Und dann gibt es die, die am Zebrastreifen stehen und warten und garantiert erst dann loslaufen, wenn ein Auto nah genug an den Zebrastreifen herangefahren ist. Man provoziert den möglichen Crash, hat aber einen guten Grund, das eigene Fehlverhalten jemand anderem zuschieben zu können und für den Schaden verantwortlich zu machen.

Mich erinnert das an das Chaos um die Gebietsreform in Thüringen. Ramelows Linkskoalition versinkt geradezu darin. Erst peitschen die rot-rot-grünen Koalitionäre ein Vorschaltgesetz durch das Parlament, was niemand außer den Thüringer Sozialdemokraten gebraucht hat, nur um zu beweisen, dass sie jetzt niemand mehr bei ihrem Traum von Gebietsreform aufhalten kann. Dann scheitern sie mit dem Gesetz an der Verfassung, verklagen das Volk, das sich aufgemacht hat mit über 140.000 Unterschriften einen Volksentscheid über die Gebietsreform zu erzwingen und dann läuft alles aus dem Ruder. Weimar und Gera werden die Kreisfreiheit genommen, zurückgegeben, dann die Gabe auf acht Jahre begrenzt, um am Ende alles wieder in Frage zu stellen. Dann sollen die Wahlperioden der Kreistage um ein Jahr verkürzt werden, weil das scheitert, die der Landräte ohne Wahl verlängert werden.

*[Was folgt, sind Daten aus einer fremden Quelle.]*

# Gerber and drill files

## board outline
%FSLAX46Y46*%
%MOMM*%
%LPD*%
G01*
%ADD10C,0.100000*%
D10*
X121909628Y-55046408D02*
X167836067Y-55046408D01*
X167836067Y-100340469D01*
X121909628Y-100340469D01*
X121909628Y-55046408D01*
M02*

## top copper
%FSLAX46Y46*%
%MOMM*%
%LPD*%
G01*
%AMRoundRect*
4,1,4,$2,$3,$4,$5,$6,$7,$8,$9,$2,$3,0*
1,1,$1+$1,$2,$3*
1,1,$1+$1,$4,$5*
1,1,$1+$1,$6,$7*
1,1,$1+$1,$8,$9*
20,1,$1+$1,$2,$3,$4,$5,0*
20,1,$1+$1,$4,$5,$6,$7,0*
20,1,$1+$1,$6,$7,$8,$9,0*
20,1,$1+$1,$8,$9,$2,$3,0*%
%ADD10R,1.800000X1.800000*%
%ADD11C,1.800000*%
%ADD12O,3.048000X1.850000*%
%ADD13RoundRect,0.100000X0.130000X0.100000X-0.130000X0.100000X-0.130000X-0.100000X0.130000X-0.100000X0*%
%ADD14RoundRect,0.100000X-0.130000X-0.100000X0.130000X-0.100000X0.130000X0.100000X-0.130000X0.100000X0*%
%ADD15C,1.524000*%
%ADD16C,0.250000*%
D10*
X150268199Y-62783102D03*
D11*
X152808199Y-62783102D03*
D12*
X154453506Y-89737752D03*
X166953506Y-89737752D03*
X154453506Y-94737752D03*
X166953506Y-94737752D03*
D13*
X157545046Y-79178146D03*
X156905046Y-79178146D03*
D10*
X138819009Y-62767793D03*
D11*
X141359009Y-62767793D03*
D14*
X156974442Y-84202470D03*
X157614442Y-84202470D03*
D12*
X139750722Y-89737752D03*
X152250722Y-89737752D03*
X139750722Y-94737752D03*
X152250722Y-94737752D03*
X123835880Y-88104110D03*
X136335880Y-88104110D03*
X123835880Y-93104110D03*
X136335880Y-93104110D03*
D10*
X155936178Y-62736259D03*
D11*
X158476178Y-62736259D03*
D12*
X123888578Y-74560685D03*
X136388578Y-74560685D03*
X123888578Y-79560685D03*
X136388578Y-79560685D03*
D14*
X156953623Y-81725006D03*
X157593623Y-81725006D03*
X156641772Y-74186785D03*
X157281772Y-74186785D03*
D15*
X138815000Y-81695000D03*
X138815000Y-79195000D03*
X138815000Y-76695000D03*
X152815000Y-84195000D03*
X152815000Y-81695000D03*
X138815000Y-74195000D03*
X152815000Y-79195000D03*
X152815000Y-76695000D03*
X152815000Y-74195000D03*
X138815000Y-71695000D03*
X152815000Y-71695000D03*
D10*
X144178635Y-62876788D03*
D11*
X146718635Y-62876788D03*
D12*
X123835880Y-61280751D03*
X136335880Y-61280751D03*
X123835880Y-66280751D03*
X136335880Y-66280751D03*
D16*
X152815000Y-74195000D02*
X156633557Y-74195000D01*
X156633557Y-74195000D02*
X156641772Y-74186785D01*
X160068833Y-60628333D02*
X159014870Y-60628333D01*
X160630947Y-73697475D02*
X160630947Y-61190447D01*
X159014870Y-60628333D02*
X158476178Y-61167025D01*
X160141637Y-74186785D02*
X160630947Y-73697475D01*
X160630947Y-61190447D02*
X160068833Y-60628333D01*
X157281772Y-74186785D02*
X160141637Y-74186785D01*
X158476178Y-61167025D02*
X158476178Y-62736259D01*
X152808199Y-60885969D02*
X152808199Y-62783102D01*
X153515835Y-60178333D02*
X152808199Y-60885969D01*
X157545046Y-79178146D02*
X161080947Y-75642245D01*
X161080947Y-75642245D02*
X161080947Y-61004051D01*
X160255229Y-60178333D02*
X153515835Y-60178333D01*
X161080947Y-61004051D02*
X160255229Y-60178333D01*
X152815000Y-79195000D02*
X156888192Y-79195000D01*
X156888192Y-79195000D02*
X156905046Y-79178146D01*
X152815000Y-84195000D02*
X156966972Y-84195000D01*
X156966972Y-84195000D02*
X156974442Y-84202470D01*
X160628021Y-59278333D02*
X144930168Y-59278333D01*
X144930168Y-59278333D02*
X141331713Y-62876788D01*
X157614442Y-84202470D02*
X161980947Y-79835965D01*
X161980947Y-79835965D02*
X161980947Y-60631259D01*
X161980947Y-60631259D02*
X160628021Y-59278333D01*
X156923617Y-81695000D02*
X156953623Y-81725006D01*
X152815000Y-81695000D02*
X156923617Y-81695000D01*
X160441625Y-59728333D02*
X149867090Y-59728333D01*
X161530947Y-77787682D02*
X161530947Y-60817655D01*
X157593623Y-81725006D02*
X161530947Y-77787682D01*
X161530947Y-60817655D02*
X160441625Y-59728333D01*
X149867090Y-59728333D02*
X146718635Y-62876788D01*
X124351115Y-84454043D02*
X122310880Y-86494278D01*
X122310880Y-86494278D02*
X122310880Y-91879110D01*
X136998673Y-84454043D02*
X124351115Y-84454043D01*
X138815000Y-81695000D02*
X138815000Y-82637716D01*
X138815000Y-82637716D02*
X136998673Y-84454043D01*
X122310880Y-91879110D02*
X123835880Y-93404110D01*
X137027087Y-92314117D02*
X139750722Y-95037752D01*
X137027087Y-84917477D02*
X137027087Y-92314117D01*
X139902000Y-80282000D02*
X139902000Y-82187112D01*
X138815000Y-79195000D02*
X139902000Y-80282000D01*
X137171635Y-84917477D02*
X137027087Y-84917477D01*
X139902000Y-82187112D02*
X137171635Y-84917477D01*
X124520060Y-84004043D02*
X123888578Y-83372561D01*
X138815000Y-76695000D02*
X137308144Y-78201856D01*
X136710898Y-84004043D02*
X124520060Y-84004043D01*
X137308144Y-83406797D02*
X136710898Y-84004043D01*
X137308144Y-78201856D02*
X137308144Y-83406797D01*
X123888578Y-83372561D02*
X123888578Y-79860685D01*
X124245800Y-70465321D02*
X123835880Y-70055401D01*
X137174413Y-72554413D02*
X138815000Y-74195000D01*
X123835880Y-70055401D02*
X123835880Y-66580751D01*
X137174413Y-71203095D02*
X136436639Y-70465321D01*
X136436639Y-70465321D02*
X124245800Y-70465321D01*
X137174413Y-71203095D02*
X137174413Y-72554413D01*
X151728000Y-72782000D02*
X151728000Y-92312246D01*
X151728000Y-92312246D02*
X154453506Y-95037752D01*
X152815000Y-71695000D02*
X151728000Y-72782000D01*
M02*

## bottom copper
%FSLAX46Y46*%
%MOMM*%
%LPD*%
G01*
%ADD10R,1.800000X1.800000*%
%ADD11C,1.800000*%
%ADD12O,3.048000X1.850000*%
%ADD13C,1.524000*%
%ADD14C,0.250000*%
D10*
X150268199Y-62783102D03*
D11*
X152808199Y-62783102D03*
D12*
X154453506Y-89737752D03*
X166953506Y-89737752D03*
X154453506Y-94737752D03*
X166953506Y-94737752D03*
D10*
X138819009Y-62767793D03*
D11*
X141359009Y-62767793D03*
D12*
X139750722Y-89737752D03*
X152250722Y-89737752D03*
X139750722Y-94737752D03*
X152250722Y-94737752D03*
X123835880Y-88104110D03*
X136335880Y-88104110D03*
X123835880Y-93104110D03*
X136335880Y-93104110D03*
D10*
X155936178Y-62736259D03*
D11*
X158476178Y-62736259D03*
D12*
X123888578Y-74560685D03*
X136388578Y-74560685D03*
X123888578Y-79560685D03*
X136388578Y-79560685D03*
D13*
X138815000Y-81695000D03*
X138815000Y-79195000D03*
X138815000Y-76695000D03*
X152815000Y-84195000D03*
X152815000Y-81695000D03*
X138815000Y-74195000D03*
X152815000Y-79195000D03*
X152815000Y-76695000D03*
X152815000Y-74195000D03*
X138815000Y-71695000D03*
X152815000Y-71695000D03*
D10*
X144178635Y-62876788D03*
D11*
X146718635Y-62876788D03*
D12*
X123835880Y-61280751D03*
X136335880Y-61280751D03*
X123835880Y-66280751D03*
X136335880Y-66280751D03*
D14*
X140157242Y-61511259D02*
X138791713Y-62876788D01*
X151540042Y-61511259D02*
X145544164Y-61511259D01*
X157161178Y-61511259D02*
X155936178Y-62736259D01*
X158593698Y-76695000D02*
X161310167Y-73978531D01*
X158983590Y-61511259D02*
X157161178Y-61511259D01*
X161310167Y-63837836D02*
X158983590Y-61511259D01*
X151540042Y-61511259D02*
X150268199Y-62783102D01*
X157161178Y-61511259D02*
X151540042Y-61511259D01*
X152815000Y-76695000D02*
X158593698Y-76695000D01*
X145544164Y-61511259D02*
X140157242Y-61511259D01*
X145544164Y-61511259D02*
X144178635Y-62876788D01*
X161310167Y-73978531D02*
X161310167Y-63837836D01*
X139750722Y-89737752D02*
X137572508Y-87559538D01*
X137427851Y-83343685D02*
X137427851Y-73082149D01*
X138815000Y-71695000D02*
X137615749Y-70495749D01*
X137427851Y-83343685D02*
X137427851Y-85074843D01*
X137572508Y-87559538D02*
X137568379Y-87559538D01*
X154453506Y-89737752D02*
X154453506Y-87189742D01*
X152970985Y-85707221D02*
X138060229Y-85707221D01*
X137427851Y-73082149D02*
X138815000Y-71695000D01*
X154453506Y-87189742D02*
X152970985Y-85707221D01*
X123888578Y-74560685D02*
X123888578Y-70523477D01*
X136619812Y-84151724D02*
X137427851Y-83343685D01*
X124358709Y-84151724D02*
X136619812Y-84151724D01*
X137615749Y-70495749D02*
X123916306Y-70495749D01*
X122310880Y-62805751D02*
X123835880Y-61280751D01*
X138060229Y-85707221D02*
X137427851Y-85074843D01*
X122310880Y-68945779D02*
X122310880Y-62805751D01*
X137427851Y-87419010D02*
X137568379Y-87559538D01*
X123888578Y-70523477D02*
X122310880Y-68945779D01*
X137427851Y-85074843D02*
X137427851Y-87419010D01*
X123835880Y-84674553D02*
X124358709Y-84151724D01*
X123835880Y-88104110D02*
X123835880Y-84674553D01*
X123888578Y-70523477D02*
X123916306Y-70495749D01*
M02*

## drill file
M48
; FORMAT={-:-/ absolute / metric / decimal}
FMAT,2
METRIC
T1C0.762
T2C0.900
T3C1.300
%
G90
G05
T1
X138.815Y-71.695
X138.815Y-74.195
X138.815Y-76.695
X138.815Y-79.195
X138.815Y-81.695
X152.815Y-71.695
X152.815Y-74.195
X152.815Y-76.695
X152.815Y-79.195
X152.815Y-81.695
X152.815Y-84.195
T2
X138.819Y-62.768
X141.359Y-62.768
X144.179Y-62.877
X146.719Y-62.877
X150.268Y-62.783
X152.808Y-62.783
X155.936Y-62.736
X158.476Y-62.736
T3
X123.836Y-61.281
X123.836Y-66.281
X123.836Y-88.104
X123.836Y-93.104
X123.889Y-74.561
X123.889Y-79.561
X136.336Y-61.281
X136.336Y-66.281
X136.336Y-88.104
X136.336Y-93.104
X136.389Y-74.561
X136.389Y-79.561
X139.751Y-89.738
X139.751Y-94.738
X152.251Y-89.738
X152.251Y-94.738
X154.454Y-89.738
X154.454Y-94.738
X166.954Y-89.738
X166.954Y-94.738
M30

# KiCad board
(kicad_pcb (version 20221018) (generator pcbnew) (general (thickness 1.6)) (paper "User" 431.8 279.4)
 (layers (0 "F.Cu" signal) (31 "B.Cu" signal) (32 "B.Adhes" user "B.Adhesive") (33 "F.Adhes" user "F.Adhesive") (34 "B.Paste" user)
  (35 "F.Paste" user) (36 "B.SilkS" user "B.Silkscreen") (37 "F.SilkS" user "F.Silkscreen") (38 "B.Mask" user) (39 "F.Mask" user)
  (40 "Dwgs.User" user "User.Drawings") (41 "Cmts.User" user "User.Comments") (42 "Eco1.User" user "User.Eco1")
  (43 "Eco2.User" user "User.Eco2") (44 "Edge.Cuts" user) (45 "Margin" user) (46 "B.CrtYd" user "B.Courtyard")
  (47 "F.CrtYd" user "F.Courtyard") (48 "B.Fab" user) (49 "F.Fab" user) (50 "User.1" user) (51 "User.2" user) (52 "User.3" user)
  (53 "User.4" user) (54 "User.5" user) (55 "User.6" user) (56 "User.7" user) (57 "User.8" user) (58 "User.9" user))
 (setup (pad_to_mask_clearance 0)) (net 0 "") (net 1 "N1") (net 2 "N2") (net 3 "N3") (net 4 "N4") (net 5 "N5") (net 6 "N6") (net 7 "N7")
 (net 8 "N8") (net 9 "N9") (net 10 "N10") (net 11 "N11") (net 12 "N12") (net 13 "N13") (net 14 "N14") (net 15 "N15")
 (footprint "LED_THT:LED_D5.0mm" (layer "F.Cu") (at 150.268199 62.783102)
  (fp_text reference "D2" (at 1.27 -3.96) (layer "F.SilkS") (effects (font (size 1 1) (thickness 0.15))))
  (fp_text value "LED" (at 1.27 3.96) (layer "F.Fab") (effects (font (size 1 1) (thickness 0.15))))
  (pad "1" thru_hole rect (at 0 0) (size 1.8 1.8) (drill 0.9) (layers "*.Cu" "*.Mask") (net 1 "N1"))
  (pad "2" thru_hole circle (at 2.54 0) (size 1.8 1.8) (drill 0.9) (layers "*.Cu" "*.Mask") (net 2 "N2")))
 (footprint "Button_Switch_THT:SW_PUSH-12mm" (layer "F.Cu") (at 154.453506 89.737752)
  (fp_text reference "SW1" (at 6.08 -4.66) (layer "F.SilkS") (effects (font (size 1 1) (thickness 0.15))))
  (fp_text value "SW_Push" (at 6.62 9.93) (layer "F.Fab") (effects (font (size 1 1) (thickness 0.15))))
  (pad "1" thru_hole oval (at 0 0) (size 3.048 1.85) (drill 1.3) (layers "*.Cu" "*.Mask") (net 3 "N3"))
  (pad "1" thru_hole oval (at 12.5 0) (size 3.048 1.85) (drill 1.3) (layers "*.Cu" "*.Mask") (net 3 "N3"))
  (pad "2" thru_hole oval (at 0 5) (size 3.048 1.85) (drill 1.3) (layers "*.Cu" "*.Mask") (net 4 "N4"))
  (pad "2" thru_hole oval (at 12.5 5) (size 3.048 1.85) (drill 1.3) (layers "*.Cu" "*.Mask") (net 4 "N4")))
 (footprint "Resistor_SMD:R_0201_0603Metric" (layer "F.Cu") (at 157.225046 79.178146 180)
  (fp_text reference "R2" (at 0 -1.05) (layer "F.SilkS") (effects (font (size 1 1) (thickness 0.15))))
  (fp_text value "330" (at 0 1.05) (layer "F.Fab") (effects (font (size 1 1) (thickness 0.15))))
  (pad "" smd roundrect (at -0.345 0 180) (size 0.318 0.36) (layers "F.Paste") (roundrect_rratio 0.25))
  (pad "" smd roundrect (at 0.345 0 180) (size 0.318 0.36) (layers "F.Paste") (roundrect_rratio 0.25))
  (pad "1" smd roundrect (at -0.32 0 180) (size 0.46 0.4) (layers "F.Cu" "F.Mask") (roundrect_rratio 0.25) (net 2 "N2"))
  (pad "2" smd roundrect (at 0.32 0 180) (size 0.46 0.4) (layers "F.Cu" "F.Mask") (roundrect_rratio 0.25) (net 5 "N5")))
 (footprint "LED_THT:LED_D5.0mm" (layer "F.Cu") (at 138.819009 62.767793)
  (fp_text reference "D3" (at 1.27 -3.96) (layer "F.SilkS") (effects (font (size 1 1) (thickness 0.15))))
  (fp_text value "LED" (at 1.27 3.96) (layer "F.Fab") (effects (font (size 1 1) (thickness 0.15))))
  (pad "1" thru_hole rect (at 0 0) (size 1.8 1.8) (drill 0.9) (layers "*.Cu" "*.Mask") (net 1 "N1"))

Das bringt selbst sozialdemokratische Landräte und alle linken Landrätinnen auf die Palme.

Und was machen Bodo und der arme Holger? Sie warten am Zebrastreifen bis der Crash unvermeidlich ist. Aber ist das verantwortliche Politik? Nein.

Post von Koch

Parteitage sind ein Fest der Selbstvergewisserung. Wenn es gut läuft, dann ist die Stimmung prächtig, die Delegierten klatschen aus vollem Herzen, erheben sich nach einer guten Rede und es gibt Wahlergebnisse mindestens um die 90 %. Am nachfolgenden Tage sind die Tageszeitungen voll mit Berichten und -je nach Stimmung des Berichterstatters- analysierenden Kommentaren.

Die Delegierten fahren bepackt mit Beschlüssen und hoch motiviert in ihre Kreisverbände und erzählen wie einst die Jünger Jesu begeistert von dem, was ihnen widerfahren ist. Aufmerksame Zeitgenossen schreiben hernach Glückwünsche an die Vorsitzenden und ihre Getreuen und nehmen so noch lange am Feste teil, selbst wenn sie, vielleicht zwar körperlich, aber eben nicht geistig dabei sein konnten.

Im November versuchte sich die Thüringer CDU an einer solchen Selbstvergewisserung. Der Ausgang ist bekannt. Dennoch schickt es sich für Parteifreunde, auch zu den selbst erklärten „Arbeitsergebnissen“ zu gratulieren, zumal dann, wenn man selbst vor der eigenen erneuten Nominierung steht. Im Überschwang dieser Glücksgefühle wird jeder umarmt und beglückwünscht, auch wenn jene gar nicht zur Wahl standen.

So dürfte sich die in 2009 gewählte hiesige Landtagspräsidentin ob ihrer vermeintlichen Wiederwahl als eben solche über eine europäische Grussadresse freuen. Dem Anspruch der Thüringenpartei war dieser fromme Wunsch natürlich gerecht, aber mindestens Parlamentarier sollten wissen, Parlamentspräsidenten wählen nur die Parlamente. Aber auch der seit fünf Jahren im Amt befindliche Fraktionschef bekam Post mit aufrichtiger Gratulation und dem Wissen um die schwierige Aufgabe, der vorhandenen Erfahrung und Sensibilität – zu seiner Wiederwahl als Generalsekretär. Dem Amtsinhaber mag es wegen der ausgebliebenen Briefpost grämen, aber er kann sich sicher sein, spätestens in fünf Jahren wird nachträglich gratuliert.

In den 1970er Jahren spottete man in Ermangelung der Kompetenzen des Europaparlaments und der damit einhergehenden Bedeutungslosigkeit: Hast du einen Opa, schick ihn nach Europa. Im Laufe der Jahre hat auch in Brüssel der Wandel Einzug gehalten. Deswegen gilt der alte Spott nicht mehr. Aber neuer Spott bleibt: Ist dein hohes Amt dir noch so Joch, bekommst du Post vom Europa-Koch.